И она кинулась Розье прямо на шею.
— А он-то здесь, этот? — спросила Розье, не слишком охотно отстраняясь от ласк своего дитяти.
— Я, я здесь, я, — отвечала Маргерита, — та, что оставила вас одну так надолго, но ведь это не моя вина, обнимите меня, маменька, обнимите меня!
Розье отвечала, не обняв Маргериту, а скорее неохотно и грубо сжав ее в руках:
— Иди проси, чтоб тебя кто другой обнимал, зачем тебе мои старческие ласки? Как это можно шесть недель матери не видать, как можно оставить ее одну на месяц, или на два, навсегда, пока сквозь нее трава не прорастет, а ведь пока она сама еще ходит по ней, по траве-то. Вон какая вы нарядная да прямо красотка, вся в парче, ну и пожалуйста. В деньгах-то ты прямо купаешься. Уж не знаю, как и смеешь ты обнимать меня в моих лохмотьях. А этот-то где, твой?
— Здесь, матушка, — отозвался доктор степенным, мягким и чуть взволнованным голосом и поднялся по ступенькам.
Дойдя до конца лестницы, где стояла прямая и суровая Розье, он хотел было обнять ее, как до этого Маргерита. Розье оттолкнула его, говоря:
— Я не люблю обнимать мужчин.
— Разве вы мне не матушка? — мягко спросил он.
— Ваша матушка? — ошеломленно повторила Розье. — Ваша матушка? Да упаси меня Бог!
И она сверху вниз взглянула на Поля с такой ненавистью, что тот содрогнулся от ужаса.
Все это время Сиска, и смеясь и плача, пожимала руки Маргериты.
— Ха-ха! Мадемуазель, мадемуазель, — все восклицала она, — вот и вы опять! Вот опять и вы, мадемуазель!
От несправедливого обхождения Розье Полю стало больно: «Как! — подумал он, — прийти к этой женщине, наивно и доверчиво, любя ее, только и хотеть, что обнять ее за плечи по-сыновьи, чтобы согреть ее старое сердце теплом сердца помоложе, и быть отвергнутым словно последний негодяй!»
Кровь прилила ему к голове, тело бросило в горячий пот, кулаки сами собой сжались, и ему невольно захотелось ударить Розье. Но тут же минутную ярость сменило печальное негодование. Он простил.
Маргериту, любившую Поля уж никак не меньше, чем свою мать, рассердил такой жестокий прием; открыв дверь одной из комнат на втором этаже, она втолкнула туда и мать и Поля. Там, прямо, решительно, она взглянула Розье в глаза.

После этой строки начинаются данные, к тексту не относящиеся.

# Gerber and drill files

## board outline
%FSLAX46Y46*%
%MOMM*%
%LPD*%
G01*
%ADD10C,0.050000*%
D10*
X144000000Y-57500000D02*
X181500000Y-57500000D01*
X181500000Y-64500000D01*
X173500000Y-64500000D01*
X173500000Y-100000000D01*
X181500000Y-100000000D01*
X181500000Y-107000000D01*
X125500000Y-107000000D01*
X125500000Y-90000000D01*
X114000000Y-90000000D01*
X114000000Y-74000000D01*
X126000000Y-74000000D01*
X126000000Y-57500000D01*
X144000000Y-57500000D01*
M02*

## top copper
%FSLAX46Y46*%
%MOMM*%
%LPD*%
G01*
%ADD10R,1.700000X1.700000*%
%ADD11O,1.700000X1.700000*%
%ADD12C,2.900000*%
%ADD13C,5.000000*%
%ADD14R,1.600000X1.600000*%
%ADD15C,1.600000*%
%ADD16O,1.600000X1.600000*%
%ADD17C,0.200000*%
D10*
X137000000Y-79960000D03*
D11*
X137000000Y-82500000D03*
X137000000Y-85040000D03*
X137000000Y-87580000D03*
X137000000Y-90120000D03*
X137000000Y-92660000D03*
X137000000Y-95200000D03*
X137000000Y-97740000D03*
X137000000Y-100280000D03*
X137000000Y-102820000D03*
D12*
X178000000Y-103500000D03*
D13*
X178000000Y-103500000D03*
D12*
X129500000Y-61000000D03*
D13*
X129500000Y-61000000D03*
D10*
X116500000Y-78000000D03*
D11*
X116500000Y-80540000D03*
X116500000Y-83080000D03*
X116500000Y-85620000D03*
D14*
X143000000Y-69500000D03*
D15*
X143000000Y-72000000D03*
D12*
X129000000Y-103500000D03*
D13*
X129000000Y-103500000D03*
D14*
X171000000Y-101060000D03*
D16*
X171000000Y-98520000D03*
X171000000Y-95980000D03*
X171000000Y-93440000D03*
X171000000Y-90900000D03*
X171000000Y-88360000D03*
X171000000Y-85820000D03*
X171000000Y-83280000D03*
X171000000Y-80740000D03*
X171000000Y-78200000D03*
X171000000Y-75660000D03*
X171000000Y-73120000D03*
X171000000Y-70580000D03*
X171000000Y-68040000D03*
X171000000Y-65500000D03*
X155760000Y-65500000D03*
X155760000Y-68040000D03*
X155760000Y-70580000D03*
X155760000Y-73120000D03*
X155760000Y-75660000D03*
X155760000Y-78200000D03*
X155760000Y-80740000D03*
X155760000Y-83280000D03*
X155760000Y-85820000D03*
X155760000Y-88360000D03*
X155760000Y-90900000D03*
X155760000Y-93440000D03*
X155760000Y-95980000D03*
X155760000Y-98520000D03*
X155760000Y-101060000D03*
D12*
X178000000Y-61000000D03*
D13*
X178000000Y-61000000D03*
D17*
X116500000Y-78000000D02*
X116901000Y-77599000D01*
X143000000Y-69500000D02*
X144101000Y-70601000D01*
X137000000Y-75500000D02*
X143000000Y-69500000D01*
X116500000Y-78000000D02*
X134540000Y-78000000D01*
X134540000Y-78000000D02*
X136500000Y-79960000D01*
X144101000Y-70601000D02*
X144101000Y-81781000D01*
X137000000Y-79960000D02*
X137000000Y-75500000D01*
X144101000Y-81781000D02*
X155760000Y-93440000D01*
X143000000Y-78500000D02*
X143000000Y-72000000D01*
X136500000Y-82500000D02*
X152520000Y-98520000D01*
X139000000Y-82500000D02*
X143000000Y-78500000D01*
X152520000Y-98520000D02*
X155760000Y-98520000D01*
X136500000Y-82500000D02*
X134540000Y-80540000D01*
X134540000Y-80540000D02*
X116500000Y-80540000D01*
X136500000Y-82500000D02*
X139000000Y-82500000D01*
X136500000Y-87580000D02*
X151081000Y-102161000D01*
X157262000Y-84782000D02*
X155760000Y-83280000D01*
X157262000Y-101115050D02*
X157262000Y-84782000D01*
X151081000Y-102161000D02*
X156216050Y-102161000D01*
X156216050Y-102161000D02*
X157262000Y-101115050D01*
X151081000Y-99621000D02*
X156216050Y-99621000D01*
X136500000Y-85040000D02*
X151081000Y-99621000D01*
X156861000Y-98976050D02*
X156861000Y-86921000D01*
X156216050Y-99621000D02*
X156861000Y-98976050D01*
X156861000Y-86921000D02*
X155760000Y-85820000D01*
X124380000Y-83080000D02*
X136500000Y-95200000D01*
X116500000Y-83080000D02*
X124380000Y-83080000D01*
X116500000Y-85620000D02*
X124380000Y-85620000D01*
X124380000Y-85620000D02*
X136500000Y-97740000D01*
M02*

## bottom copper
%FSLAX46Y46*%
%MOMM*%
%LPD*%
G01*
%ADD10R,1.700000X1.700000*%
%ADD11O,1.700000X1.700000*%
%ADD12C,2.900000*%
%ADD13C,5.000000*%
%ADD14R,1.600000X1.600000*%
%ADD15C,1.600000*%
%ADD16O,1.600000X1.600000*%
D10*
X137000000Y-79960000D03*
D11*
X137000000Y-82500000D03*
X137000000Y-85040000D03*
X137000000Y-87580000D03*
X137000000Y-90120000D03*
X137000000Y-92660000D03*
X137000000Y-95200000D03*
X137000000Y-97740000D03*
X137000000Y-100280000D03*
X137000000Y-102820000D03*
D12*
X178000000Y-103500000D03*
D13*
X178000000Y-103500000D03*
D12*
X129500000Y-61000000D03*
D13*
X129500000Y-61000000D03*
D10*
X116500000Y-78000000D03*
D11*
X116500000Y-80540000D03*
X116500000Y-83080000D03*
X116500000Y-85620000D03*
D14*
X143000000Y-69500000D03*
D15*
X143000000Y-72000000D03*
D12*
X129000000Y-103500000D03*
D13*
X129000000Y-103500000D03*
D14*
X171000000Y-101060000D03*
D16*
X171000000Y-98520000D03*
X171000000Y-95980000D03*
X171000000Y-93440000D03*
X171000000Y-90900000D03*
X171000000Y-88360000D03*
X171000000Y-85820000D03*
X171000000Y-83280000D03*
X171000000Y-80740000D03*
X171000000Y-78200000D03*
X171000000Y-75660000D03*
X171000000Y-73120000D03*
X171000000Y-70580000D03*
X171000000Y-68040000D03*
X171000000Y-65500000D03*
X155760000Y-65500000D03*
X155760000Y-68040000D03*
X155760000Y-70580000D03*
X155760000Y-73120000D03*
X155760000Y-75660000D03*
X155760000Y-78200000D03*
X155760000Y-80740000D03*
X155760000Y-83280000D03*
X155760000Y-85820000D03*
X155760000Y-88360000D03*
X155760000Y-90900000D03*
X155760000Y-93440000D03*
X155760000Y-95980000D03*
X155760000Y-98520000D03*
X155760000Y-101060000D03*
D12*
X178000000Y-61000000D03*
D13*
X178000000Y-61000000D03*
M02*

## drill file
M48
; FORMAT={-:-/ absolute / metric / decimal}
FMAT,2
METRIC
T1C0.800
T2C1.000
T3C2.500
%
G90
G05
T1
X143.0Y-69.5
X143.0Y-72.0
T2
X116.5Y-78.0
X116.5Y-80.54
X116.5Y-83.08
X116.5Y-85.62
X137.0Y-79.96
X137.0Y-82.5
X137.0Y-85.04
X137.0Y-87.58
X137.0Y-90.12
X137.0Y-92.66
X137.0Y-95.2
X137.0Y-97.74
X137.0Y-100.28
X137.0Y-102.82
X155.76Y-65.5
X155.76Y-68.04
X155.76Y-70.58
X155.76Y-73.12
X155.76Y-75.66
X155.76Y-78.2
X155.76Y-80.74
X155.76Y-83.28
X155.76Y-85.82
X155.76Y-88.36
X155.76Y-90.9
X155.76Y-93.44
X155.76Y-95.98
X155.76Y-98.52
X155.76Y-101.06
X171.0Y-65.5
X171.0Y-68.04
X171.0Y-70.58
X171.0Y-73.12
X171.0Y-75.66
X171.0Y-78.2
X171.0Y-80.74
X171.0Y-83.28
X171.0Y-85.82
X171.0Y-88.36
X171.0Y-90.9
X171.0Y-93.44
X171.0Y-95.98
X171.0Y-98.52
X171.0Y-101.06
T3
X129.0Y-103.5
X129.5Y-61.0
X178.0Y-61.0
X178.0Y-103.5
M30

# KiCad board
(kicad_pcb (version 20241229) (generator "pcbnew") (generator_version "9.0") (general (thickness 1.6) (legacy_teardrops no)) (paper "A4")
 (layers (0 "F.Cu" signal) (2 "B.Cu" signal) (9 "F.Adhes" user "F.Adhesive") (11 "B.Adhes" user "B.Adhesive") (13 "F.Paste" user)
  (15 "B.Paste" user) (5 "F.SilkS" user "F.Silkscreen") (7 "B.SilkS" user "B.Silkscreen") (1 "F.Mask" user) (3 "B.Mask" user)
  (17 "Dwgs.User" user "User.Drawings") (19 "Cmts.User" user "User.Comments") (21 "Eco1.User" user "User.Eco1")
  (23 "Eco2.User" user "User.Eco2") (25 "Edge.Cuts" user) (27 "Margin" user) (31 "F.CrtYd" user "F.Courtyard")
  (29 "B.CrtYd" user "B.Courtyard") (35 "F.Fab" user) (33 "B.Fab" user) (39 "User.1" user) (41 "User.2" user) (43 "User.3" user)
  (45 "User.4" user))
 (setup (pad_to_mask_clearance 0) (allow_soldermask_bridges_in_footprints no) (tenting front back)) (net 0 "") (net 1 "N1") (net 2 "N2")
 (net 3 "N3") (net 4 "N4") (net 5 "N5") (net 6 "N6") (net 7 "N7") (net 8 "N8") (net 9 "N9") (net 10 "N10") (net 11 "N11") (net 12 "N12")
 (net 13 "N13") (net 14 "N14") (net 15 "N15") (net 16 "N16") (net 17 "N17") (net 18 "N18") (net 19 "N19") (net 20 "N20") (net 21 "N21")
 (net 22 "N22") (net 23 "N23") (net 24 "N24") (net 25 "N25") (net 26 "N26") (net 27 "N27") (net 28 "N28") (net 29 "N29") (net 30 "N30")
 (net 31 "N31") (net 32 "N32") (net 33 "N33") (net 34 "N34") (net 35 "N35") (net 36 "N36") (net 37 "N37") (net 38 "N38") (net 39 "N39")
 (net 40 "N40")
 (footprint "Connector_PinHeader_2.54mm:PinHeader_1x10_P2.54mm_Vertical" (layer "F.Cu") (at 137 79.96)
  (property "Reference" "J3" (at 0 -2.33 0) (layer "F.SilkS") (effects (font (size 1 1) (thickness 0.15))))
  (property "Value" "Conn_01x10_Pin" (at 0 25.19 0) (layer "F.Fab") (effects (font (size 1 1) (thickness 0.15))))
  (pad "1" thru_hole rect (at 0 0) (size 1.7 1.7) (drill 1) (layers "*.Cu" "*.Mask") (remove_unused_layers no) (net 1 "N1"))
  (pad "2" thru_hole oval (at 0 2.54) (size 1.7 1.7) (drill 1) (layers "*.Cu" "*.Mask") (remove_unused_layers no) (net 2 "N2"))
  (pad "3" thru_hole oval (at 0 5.08) (size 1.7 1.7) (drill 1) (layers "*.Cu" "*.Mask") (remove_unused_layers no) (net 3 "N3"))
  (pad "4" thru_hole oval (at 0 7.62) (size 1.7 1.7) (drill 1) (layers "*.Cu" "*.Mask") (remove_unused_layers no) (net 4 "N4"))
  (pad "5" thru_hole oval (at 0 10.16) (size 1.7 1.7) (drill 1) (layers "*.Cu" "*.Mask") (remove_unused_layers no) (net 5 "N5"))
  (pad "6" thru_hole oval (at 0 12.7) (size 1.7 1.7) (drill 1) (layers "*.Cu" "*.Mask") (remove_unused_layers no) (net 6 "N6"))
  (pad "7" thru_hole oval (at 0 15.24) (size 1.7 1.7) (drill 1) (layers "*.Cu" "*.Mask") (remove_unused_layers no) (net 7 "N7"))
  (pad "8" thru_hole oval (at 0 17.78) (size 1.7 1.7) (drill 1) (layers "*.Cu" "*.Mask") (remove_unused_layers no) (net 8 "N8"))
  (pad "9" thru_hole oval (at 0 20.32) (size 1.7 1.7) (drill 1) (layers "*.Cu" "*.Mask") (remove_unused_layers no) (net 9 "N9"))
  (pad "10" thru_hole oval (at 0 22.86) (size 1.7 1.7) (drill 1) (layers "*.Cu" "*.Mask") (remove_unused_layers no) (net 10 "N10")))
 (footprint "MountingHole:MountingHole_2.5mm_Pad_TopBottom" (layer "F.Cu") (at 178 103.5)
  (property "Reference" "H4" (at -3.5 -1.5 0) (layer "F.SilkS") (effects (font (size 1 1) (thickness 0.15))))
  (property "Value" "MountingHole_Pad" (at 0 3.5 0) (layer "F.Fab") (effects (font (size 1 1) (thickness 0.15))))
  (pad "1" thru_hole circle (at 0 0) (size 2.9 2.9) (drill 2.5) (layers "*.Cu" "*.Mask") (remove_unused_layers no) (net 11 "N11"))
  (pad "1" connect circle (at 0 0) (size 5 5) (layers "F.Cu" "F.Mask") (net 11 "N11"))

— Отчего вы не поцелуете его, — спросила она у нее, — отчего принимаете нас прямо на лестнице? Отчего не приглашаете войти?

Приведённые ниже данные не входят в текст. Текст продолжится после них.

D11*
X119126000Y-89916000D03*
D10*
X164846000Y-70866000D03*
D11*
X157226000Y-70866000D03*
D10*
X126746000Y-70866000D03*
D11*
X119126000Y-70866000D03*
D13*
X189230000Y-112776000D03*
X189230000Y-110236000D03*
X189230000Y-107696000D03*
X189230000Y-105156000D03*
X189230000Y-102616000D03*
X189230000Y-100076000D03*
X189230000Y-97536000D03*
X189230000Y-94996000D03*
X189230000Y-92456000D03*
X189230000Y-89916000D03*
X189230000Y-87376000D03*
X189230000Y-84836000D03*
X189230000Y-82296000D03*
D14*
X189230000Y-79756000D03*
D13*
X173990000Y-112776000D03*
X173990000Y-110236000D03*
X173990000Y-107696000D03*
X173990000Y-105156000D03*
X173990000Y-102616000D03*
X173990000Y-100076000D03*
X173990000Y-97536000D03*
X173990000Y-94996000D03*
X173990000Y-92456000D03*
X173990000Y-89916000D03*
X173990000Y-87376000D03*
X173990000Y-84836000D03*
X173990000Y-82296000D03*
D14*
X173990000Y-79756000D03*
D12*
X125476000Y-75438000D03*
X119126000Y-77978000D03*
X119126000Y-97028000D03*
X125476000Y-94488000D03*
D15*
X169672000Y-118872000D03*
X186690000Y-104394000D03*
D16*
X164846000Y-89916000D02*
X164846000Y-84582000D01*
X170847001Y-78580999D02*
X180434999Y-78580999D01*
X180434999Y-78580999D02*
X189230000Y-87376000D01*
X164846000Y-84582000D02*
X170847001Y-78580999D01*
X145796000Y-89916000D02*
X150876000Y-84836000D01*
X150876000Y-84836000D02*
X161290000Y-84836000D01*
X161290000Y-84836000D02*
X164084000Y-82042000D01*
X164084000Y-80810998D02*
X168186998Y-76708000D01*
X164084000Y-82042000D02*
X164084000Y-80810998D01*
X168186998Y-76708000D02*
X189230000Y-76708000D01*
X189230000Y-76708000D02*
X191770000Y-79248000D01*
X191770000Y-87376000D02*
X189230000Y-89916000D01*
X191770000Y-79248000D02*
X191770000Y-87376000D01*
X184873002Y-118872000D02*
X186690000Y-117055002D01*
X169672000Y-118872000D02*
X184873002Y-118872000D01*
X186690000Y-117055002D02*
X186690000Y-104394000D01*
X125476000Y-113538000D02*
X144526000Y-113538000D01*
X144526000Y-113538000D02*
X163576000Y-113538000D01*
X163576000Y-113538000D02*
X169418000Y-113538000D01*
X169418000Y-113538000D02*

— А вот так… — отвечала старуха.
И, наступая прямо на Маргериту, такая же прямая и непреклонная, как она:
— По какому праву ты пришла сюда устраивать мне допрос? А если мне не нравится целовать твоего доктора, если я не хочу приглашать его войти? Что в этом ты находишь предосудительного?

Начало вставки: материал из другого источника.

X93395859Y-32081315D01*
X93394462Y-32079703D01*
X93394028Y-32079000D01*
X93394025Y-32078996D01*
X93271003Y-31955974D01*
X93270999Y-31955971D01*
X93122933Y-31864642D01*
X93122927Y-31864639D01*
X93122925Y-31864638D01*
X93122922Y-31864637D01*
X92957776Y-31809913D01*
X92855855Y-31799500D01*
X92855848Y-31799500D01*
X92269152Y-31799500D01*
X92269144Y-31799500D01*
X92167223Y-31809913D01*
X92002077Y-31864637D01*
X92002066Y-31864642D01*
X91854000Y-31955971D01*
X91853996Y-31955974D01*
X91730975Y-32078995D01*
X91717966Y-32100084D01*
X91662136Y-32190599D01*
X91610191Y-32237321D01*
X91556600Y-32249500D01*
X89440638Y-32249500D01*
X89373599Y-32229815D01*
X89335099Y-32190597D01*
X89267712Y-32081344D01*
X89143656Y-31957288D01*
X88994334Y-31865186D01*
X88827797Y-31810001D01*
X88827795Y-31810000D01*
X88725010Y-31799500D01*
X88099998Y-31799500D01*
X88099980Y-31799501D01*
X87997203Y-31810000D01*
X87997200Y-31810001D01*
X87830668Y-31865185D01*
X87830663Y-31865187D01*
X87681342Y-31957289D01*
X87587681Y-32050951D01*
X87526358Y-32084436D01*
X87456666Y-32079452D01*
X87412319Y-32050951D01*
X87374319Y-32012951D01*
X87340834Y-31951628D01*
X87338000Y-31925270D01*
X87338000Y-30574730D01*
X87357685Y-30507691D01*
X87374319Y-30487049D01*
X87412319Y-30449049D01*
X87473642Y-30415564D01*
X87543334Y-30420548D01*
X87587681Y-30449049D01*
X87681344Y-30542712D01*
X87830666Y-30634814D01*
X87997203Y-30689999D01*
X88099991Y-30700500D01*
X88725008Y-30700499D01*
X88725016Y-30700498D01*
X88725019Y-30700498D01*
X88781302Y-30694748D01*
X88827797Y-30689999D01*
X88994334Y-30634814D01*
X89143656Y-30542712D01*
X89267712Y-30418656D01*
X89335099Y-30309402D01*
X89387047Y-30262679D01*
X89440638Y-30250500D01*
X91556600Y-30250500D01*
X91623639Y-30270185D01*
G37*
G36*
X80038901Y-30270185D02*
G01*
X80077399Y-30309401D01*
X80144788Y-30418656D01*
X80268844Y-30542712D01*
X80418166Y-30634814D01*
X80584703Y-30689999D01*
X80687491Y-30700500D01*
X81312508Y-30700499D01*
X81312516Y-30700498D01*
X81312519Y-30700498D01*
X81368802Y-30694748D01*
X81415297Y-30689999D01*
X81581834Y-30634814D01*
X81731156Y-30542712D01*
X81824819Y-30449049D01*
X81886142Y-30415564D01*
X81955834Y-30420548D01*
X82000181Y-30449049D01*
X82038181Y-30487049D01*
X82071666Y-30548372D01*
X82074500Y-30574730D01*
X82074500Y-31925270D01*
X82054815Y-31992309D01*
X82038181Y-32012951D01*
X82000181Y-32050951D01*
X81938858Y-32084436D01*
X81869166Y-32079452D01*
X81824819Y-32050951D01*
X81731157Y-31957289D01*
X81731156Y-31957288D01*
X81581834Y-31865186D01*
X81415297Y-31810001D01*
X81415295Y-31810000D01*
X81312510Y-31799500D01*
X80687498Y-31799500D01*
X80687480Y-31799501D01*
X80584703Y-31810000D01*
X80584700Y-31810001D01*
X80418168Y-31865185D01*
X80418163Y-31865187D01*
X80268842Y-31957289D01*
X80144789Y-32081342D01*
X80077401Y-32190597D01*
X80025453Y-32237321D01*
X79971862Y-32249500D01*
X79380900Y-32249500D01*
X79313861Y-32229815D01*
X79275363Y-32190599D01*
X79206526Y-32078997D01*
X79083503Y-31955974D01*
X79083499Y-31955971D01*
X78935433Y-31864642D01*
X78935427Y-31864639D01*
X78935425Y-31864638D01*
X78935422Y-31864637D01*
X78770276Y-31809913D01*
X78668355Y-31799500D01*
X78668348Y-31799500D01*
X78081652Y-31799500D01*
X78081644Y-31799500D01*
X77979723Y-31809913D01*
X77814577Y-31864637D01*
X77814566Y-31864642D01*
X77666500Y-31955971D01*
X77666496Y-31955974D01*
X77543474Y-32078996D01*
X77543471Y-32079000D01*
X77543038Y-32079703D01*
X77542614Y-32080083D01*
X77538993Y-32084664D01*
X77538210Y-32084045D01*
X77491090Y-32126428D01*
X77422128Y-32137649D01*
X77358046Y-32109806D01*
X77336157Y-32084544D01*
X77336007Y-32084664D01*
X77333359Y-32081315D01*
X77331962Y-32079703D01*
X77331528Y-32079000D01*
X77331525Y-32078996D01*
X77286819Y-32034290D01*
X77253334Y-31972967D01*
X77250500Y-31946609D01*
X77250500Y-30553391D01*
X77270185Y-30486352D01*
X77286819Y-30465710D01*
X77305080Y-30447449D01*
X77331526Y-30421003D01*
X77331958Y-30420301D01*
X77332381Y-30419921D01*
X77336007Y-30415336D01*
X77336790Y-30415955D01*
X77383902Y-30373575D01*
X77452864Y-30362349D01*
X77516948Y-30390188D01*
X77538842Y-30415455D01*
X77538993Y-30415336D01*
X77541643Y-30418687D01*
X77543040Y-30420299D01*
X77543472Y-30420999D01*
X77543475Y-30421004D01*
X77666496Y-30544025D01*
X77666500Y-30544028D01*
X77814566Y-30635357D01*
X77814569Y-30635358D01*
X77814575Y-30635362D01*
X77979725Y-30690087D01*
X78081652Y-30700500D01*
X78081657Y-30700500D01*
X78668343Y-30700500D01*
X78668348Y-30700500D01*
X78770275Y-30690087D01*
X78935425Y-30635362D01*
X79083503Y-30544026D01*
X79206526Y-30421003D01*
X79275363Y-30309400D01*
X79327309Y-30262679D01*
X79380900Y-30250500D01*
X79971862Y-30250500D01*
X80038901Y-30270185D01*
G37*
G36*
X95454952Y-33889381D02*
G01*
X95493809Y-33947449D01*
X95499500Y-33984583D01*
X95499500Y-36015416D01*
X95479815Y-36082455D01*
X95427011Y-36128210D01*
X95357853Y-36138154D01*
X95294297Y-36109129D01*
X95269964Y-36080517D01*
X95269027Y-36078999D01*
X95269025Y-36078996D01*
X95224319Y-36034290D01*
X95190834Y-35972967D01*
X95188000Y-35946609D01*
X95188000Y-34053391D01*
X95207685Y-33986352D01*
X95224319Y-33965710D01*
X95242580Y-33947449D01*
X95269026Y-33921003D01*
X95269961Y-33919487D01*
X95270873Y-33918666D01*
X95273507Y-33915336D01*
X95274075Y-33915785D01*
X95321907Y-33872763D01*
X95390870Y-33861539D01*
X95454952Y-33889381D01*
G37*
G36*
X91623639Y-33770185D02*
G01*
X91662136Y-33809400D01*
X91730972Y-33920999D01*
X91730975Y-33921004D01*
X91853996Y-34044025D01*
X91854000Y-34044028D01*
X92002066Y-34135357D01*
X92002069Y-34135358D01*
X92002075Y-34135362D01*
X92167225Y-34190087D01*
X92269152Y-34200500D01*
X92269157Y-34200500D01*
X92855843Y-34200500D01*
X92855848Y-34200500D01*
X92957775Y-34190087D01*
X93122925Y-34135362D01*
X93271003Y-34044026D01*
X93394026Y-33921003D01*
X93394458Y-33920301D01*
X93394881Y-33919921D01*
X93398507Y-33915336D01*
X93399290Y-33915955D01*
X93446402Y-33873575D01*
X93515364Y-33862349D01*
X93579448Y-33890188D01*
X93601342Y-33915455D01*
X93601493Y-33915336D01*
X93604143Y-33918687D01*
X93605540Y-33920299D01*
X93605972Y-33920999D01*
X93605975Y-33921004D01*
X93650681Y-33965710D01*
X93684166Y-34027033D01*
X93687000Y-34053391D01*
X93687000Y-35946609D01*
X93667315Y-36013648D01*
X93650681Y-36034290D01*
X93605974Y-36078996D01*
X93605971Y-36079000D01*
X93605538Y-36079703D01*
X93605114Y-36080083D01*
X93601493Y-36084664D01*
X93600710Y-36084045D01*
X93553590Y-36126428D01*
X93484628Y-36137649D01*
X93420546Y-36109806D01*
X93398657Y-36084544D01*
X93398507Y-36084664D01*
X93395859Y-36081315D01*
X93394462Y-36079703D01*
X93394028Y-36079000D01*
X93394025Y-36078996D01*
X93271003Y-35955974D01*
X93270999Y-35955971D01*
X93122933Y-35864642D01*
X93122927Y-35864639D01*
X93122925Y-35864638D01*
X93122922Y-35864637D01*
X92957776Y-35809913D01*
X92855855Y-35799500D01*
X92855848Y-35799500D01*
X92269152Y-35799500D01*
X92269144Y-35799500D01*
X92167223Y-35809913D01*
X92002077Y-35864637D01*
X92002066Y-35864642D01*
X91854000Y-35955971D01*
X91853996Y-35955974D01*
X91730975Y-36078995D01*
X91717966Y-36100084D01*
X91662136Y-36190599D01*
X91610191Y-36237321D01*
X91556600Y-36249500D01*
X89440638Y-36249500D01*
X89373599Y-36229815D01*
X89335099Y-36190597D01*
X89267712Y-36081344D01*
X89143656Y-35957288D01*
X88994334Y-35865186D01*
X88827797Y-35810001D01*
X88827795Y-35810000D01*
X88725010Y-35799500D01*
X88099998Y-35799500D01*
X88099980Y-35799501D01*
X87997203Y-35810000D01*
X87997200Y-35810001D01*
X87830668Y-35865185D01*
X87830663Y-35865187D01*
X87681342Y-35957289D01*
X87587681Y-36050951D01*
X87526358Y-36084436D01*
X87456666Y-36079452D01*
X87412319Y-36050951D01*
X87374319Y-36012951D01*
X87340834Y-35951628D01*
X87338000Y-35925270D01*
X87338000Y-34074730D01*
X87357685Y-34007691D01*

— Я нахожу, что вы несправедливы, ведь он мой муж, и не сделал вам ничего, кроме хорошего.
Розье ухмыльнулась.
— Хорошего, — повторила она. — Да что же, с позволения сказать, он сделал хорошего?
Вопреки всему в ней клокотала ненависть, ненависть женщины, которая, случись ей обидеться на само солнце, так и заявила бы ему в самый лучезарный полдень: «Ты — дряхлая луна, свет твой тускл, и годится он разве что на фонарик для райских чердаков».
— Так поцелуете вы его, да или нет? — спросила Маргерита.
— Нет.
— Нет? Нет? Ах вот как, вы отказались. Тогда что ж, не хотите видеть моего мужа, так не увидите больше и меня.
— Не стоит грубить, — сказал Поль.
— Я и не грублю, но ноги моей больше не будет в этом доме. Я теперь вижу перед собою уже не мать, а злющую бабу, и она ненавидит нас обоих. Нет уж, я скорей умру, чем снова сюда приду.
— А и не возвращайся, вот и ладненько, — отозвалась Розье, не без причины усмотревшая в этой гневной вспышке тайную и лукавую расчетливую попытку сблизить ее с доктором. — Не хочешь, так и не возвращайся, — повторила она с глубоким презрением. — Я не умею оценить его. Я его ненавижу, мне хочется увидеть его мертвым и растерзанным на кусочки, а раз ты любишь его больше, чем меня, то и уходи себе!
— Нет, я люблю его не больше, чем вас, я люблю его иначе, вот в чем дело.
— Да уйдешь ты или нет? — вскричала Розье, которая просто подскочила, услышав такие слова. — Уходишь, что ли? Или я тебя сейчас прокляну.
И она с угрожающим видом замахнулась на дочь.
— Я не сделала ничего плохого, у вас нет права проклинать меня.
— Хочешь уйти, так уходи, уходи вместе с ним! Ты что хочешь, устроить мне апоплексический удар? Уйдешь или нет?
— О! Матушка, матушка, что же вы такое делаете, — сказала Маргерита.